Profile: Patrick Sells & Casey Tyrrell of Salvaging Creativity
Monday, February 21, 2011 at 2:37PM Through a partnership between Downtown Inc, Beaver St. Merchants, M&T Bank, and two metal fabricators, local industrial materials are crafted into functional streetscape elements.
Patrick Sells and Casey Tyrrell see beauty in York’s industrial heritage. They scour scrap yards for pieces of industrial machinery and material to salvage and repurpose as functional sculpture.

Their company, Salvaging Creativity, has made pieces that can be found in homes, businesses, and most recently, downtown York.

New trashcans, benches, bike racks and planters, created from salvaged pieces of York industries can be found on the first block of North Beaver Street in downtown York.
Of their work, Patrick states, “In salvaging and transforming these materials, I hope, beyond artistic concerns, to provide points of recognition for people to appreciate the knowledge and skill resident in York industry. Even in relative decline, industry in York still thrives. To show this is my purpose in building from local industrial materials.”


“Beyond improving street aesthetics, we are collecting stories to showcase York’s roots in the Industrial Arts and Design. This is the type of story and interaction that rekindles identity, interest and connection between people, industry and place, a story that in today’s global economy, many cities must fabricate,” he says.

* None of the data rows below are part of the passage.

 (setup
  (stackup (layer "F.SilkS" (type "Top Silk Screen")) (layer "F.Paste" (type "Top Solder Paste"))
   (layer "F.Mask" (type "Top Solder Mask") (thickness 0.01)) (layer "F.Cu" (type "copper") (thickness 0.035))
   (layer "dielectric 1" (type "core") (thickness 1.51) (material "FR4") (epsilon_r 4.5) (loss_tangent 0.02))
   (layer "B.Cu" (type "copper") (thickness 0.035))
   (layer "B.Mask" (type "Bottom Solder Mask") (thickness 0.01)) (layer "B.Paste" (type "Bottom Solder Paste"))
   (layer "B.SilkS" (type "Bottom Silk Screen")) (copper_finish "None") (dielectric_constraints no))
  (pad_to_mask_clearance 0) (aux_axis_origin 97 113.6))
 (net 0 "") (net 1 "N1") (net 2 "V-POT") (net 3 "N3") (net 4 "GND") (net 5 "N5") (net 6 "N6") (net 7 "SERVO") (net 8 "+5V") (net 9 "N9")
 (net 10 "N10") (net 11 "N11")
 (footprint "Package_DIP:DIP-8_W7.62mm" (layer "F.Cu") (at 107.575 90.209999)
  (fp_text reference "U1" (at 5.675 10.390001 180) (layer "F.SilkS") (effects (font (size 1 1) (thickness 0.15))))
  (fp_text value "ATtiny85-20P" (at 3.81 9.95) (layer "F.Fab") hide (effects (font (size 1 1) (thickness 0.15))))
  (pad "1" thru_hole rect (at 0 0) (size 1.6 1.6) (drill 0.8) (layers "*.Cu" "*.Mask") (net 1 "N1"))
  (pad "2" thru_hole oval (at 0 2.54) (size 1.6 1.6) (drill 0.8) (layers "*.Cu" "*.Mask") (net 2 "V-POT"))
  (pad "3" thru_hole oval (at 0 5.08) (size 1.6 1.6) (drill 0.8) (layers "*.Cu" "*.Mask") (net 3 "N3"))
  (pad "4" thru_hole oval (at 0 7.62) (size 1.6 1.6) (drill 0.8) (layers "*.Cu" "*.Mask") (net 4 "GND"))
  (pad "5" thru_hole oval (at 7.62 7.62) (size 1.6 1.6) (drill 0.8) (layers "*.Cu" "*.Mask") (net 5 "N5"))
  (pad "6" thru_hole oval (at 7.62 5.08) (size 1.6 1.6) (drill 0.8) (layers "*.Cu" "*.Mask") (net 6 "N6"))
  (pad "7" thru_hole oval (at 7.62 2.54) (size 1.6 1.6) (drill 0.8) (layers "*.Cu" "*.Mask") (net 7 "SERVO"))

One of the pieces in downtown York, a planter on the corner of West Philadelphia and North Beaver Street, includes a compressor scroll made by Johnson Controls, a York company located on Richland Avenue.
Even after its transformation, the machinists and operators at Johnson Controls recognized it in a recent newspaper article.
Duke Holliway, Operations Manager at Johnston Controls explained the piece’s history, “The base [of the planter]…is what we refer to here at the plant as a compressor scroll. It is a cast piece that we machine and serves as one of the major components of the compressors we build. This piece was most likely rejected from manufacturing due to porosity in the casting or some dimensional abnormality that precluded our usage. Nevertheless, we are thrilled that through your [Patrick’s] artistic skills, you could breathe new life into our scrap and that it has found a prominent new home in downtown York.”